Go to the line in the entries below that holds "1,1,$1+$1,$6,$7*" and repeat exactly from there through the line that holds "X120481600Y-104225600D02*", inclusive.

Stored items:
____________________
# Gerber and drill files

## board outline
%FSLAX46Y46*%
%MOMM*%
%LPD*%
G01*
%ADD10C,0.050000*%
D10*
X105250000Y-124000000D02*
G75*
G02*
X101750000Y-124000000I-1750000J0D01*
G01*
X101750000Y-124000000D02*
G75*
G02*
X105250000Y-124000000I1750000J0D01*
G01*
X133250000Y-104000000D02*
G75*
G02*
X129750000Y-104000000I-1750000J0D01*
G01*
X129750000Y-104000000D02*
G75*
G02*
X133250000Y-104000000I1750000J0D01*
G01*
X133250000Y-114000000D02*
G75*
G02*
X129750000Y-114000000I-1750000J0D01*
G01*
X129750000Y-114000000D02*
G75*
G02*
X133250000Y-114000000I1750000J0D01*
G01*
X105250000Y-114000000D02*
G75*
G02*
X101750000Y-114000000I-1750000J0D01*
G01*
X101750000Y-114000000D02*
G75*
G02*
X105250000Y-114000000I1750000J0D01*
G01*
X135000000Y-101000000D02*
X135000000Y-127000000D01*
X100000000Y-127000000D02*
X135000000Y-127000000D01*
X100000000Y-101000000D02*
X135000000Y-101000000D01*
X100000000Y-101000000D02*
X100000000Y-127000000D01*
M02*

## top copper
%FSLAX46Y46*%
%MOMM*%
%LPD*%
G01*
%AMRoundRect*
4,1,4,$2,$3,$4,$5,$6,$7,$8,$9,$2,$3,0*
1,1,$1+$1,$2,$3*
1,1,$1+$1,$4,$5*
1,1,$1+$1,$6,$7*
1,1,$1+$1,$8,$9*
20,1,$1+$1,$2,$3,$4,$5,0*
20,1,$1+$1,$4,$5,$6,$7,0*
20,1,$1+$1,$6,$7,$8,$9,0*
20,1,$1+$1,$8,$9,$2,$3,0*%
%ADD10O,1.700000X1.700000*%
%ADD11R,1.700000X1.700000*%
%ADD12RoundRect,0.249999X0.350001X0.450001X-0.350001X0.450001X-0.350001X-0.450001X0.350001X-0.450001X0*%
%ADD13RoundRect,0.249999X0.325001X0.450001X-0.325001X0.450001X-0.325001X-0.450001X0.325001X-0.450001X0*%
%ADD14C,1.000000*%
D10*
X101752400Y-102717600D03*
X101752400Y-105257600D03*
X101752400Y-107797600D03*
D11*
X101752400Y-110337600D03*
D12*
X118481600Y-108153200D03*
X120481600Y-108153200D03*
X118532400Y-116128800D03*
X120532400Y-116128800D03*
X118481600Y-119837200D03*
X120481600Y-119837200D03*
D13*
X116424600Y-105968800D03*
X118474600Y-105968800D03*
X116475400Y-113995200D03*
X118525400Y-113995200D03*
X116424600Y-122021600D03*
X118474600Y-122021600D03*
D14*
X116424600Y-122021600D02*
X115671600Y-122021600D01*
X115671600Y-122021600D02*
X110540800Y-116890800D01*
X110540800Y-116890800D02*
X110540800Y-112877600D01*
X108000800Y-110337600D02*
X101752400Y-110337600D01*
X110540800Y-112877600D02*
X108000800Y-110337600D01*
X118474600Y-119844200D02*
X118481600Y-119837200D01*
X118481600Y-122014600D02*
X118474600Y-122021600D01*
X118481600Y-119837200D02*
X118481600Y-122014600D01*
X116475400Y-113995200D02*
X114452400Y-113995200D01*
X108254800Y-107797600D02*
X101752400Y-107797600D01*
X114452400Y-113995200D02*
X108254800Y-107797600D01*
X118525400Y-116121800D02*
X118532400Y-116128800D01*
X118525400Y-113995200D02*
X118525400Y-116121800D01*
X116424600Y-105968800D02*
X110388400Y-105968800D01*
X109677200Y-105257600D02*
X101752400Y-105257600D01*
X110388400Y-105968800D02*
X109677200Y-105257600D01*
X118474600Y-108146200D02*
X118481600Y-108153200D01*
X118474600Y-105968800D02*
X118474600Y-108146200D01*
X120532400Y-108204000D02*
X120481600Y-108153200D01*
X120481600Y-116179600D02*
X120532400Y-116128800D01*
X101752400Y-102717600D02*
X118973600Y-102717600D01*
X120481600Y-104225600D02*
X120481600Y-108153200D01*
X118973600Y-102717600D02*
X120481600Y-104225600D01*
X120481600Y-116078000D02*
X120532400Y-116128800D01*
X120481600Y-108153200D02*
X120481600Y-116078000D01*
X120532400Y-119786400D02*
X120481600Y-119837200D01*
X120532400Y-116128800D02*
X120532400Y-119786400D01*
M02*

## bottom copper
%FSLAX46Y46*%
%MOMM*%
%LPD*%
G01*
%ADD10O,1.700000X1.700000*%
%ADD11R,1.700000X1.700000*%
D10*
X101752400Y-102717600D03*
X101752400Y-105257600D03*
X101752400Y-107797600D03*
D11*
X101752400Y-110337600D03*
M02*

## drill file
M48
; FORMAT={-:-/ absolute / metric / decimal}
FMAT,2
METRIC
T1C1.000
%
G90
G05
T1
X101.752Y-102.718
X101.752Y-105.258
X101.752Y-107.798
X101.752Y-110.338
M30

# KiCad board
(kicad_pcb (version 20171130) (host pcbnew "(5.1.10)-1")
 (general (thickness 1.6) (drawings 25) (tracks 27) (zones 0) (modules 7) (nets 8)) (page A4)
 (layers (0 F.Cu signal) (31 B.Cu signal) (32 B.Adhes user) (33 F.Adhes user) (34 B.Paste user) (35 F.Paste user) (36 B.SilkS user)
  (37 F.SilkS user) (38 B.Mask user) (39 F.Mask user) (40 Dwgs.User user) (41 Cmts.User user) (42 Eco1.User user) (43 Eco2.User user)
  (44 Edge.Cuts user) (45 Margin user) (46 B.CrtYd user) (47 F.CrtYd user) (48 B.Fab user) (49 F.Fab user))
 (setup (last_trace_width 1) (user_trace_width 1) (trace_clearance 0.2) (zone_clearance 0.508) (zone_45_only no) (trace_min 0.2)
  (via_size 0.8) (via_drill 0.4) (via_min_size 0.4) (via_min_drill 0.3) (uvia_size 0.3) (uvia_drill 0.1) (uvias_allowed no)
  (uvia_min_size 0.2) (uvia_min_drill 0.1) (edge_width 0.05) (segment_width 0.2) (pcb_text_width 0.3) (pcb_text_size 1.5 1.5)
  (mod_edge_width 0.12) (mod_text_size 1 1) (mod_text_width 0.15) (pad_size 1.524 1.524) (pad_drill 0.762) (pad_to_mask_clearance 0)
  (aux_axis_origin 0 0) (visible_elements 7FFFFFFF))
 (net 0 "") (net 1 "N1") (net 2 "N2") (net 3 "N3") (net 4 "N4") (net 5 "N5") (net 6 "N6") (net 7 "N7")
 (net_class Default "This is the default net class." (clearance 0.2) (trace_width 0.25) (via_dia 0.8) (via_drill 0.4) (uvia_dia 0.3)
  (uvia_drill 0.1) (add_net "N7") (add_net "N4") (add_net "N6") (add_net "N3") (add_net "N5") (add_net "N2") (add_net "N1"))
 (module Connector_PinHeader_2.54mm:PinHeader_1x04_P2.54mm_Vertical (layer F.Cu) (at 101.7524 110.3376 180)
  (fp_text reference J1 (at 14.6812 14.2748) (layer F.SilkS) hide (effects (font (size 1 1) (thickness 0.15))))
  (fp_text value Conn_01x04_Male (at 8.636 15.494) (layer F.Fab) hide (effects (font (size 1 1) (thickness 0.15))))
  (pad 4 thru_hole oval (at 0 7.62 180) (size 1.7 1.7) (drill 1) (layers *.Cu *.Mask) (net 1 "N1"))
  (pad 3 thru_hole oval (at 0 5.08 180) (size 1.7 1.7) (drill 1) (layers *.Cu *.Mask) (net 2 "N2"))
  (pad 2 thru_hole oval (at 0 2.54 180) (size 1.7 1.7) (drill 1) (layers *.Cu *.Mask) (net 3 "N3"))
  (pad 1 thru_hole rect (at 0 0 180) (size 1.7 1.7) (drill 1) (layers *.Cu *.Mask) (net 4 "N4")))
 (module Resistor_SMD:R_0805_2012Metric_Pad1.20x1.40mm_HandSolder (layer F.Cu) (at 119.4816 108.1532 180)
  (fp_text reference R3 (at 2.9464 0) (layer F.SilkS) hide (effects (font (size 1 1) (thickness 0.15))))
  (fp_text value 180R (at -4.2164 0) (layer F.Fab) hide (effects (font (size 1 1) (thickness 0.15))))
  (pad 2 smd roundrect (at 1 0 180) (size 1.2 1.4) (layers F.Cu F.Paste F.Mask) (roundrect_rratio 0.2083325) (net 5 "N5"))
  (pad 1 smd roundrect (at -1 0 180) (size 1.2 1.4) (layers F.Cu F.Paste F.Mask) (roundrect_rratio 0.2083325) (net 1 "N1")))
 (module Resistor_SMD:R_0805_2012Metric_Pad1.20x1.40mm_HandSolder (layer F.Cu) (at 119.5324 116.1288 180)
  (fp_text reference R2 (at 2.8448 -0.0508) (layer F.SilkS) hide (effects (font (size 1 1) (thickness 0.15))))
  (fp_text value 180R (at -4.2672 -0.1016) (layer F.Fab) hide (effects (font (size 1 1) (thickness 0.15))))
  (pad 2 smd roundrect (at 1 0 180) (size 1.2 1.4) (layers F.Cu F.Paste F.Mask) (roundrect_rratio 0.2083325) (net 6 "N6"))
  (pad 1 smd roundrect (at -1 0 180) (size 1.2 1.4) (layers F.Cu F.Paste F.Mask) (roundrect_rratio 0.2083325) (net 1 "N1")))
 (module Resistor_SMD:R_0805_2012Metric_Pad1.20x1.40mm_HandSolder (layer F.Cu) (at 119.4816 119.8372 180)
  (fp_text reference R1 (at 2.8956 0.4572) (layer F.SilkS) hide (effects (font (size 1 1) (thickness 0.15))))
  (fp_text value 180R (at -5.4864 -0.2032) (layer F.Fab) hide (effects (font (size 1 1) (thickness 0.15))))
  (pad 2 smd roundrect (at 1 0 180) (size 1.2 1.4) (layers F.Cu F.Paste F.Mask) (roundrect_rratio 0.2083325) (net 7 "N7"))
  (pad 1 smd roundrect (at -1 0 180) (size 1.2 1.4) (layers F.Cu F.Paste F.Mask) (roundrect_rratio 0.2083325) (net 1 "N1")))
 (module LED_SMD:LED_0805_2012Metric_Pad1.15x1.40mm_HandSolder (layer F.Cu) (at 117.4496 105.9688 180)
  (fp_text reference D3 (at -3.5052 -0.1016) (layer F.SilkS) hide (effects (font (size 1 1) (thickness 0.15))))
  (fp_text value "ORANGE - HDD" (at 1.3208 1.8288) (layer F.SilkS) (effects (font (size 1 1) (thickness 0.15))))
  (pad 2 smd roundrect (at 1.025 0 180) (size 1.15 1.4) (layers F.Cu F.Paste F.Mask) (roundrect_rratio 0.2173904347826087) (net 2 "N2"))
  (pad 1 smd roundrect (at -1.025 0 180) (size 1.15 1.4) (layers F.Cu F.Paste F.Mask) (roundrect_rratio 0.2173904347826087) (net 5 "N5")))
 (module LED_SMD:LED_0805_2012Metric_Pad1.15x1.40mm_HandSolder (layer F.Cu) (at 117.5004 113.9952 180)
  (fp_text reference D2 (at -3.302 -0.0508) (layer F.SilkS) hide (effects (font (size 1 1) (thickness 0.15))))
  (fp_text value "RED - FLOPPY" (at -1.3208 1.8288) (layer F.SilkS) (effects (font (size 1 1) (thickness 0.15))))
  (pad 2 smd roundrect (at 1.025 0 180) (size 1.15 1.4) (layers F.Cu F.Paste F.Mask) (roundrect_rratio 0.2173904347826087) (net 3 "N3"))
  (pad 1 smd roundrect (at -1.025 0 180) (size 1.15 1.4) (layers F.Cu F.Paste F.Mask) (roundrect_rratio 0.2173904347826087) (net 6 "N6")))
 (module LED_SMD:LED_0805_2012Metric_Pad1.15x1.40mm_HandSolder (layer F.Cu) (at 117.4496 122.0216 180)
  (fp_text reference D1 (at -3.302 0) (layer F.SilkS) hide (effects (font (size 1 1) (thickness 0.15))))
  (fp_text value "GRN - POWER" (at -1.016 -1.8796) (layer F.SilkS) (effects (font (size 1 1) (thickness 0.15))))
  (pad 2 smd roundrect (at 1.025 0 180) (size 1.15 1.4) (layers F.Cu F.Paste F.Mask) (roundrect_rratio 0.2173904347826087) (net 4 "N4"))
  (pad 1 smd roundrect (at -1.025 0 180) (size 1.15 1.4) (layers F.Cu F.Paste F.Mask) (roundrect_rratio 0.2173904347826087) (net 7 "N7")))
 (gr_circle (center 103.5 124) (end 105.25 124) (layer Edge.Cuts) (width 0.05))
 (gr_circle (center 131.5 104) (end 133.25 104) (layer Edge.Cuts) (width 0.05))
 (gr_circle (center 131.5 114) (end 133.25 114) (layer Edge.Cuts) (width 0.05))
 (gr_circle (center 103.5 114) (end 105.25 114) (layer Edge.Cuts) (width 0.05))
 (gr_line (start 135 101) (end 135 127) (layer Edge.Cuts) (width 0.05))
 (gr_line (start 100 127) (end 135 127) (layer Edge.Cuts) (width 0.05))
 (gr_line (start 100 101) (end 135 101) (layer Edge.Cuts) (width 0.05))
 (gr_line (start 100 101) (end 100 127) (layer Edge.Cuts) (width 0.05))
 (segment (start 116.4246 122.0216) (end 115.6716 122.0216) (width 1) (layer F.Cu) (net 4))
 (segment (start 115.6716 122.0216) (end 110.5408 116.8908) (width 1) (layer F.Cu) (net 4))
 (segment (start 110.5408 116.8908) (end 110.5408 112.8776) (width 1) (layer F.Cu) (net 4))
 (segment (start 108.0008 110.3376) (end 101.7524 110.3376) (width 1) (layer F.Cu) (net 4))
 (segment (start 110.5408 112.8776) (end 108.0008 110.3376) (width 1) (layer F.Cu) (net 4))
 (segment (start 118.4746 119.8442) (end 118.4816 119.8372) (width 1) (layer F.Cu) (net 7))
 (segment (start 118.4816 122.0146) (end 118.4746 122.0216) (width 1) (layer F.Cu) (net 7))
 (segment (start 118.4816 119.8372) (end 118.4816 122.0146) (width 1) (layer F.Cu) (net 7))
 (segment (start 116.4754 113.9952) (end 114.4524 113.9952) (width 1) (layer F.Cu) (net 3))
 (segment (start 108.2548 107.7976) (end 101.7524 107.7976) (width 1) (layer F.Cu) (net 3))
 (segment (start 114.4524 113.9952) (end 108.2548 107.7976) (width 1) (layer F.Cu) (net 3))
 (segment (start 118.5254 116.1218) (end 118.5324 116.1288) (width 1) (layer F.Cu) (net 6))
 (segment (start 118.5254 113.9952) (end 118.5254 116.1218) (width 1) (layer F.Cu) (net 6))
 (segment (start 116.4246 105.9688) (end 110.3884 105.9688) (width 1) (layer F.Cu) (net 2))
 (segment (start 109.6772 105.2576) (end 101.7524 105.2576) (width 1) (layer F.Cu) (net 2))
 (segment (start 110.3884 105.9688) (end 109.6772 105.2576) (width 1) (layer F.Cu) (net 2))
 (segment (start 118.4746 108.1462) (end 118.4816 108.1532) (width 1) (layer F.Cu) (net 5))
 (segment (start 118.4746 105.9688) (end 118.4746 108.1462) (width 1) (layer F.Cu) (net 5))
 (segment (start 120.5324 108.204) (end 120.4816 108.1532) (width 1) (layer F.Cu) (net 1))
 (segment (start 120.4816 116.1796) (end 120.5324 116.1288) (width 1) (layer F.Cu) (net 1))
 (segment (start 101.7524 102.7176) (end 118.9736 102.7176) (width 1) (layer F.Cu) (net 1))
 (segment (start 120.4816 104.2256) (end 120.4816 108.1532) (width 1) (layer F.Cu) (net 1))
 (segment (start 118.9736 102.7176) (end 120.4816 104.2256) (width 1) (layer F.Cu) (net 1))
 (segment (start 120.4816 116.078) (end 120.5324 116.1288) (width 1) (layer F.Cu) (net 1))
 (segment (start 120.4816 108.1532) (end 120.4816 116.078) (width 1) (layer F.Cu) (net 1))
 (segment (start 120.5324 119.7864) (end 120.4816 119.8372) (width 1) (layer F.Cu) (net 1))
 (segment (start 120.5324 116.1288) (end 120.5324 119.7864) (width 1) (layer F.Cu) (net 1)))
____________________
- **Response to the task**:
1,1,$1+$1,$6,$7*
1,1,$1+$1,$8,$9*
20,1,$1+$1,$2,$3,$4,$5,0*
20,1,$1+$1,$4,$5,$6,$7,0*
20,1,$1+$1,$6,$7,$8,$9,0*
20,1,$1+$1,$8,$9,$2,$3,0*%
%ADD10O,1.700000X1.700000*%
%ADD11R,1.700000X1.700000*%
%ADD12RoundRect,0.249999X0.350001X0.450001X-0.350001X0.450001X-0.350001X-0.450001X0.350001X-0.450001X0*%
%ADD13RoundRect,0.249999X0.325001X0.450001X-0.325001X0.450001X-0.325001X-0.450001X0.325001X-0.450001X0*%
%ADD14C,1.000000*%
D10*
X101752400Y-102717600D03*
X101752400Y-105257600D03*
X101752400Y-107797600D03*
D11*
X101752400Y-110337600D03*
D12*
X118481600Y-108153200D03*
X120481600Y-108153200D03*
X118532400Y-116128800D03*
X120532400Y-116128800D03*
X118481600Y-119837200D03*
X120481600Y-119837200D03*
D13*
X116424600Y-105968800D03*
X118474600Y-105968800D03*
X116475400Y-113995200D03*
X118525400Y-113995200D03*
X116424600Y-122021600D03*
X118474600Y-122021600D03*
D14*
X116424600Y-122021600D02*
X115671600Y-122021600D01*
X115671600Y-122021600D02*
X110540800Y-116890800D01*
X110540800Y-116890800D02*
X110540800Y-112877600D01*
X108000800Y-110337600D02*
X101752400Y-110337600D01*
X110540800Y-112877600D02*
X108000800Y-110337600D01*
X118474600Y-119844200D02*
X118481600Y-119837200D01*
X118481600Y-122014600D02*
X118474600Y-122021600D01*
X118481600Y-119837200D02*
X118481600Y-122014600D01*
X116475400Y-113995200D02*
X114452400Y-113995200D01*
X108254800Y-107797600D02*
X101752400Y-107797600D01*
X114452400Y-113995200D02*
X108254800Y-107797600D01*
X118525400Y-116121800D02*
X118532400Y-116128800D01*
X118525400Y-113995200D02*
X118525400Y-116121800D01*
X116424600Y-105968800D02*
X110388400Y-105968800D01*
X109677200Y-105257600D02*
X101752400Y-105257600D01*
X110388400Y-105968800D02*
X109677200Y-105257600D01*
X118474600Y-108146200D02*
X118481600Y-108153200D01*
X118474600Y-105968800D02*
X118474600Y-108146200D01*
X120532400Y-108204000D02*
X120481600Y-108153200D01*
X120481600Y-116179600D02*
X120532400Y-116128800D01*
X101752400Y-102717600D02*
X118973600Y-102717600D01*
X120481600Y-104225600D02*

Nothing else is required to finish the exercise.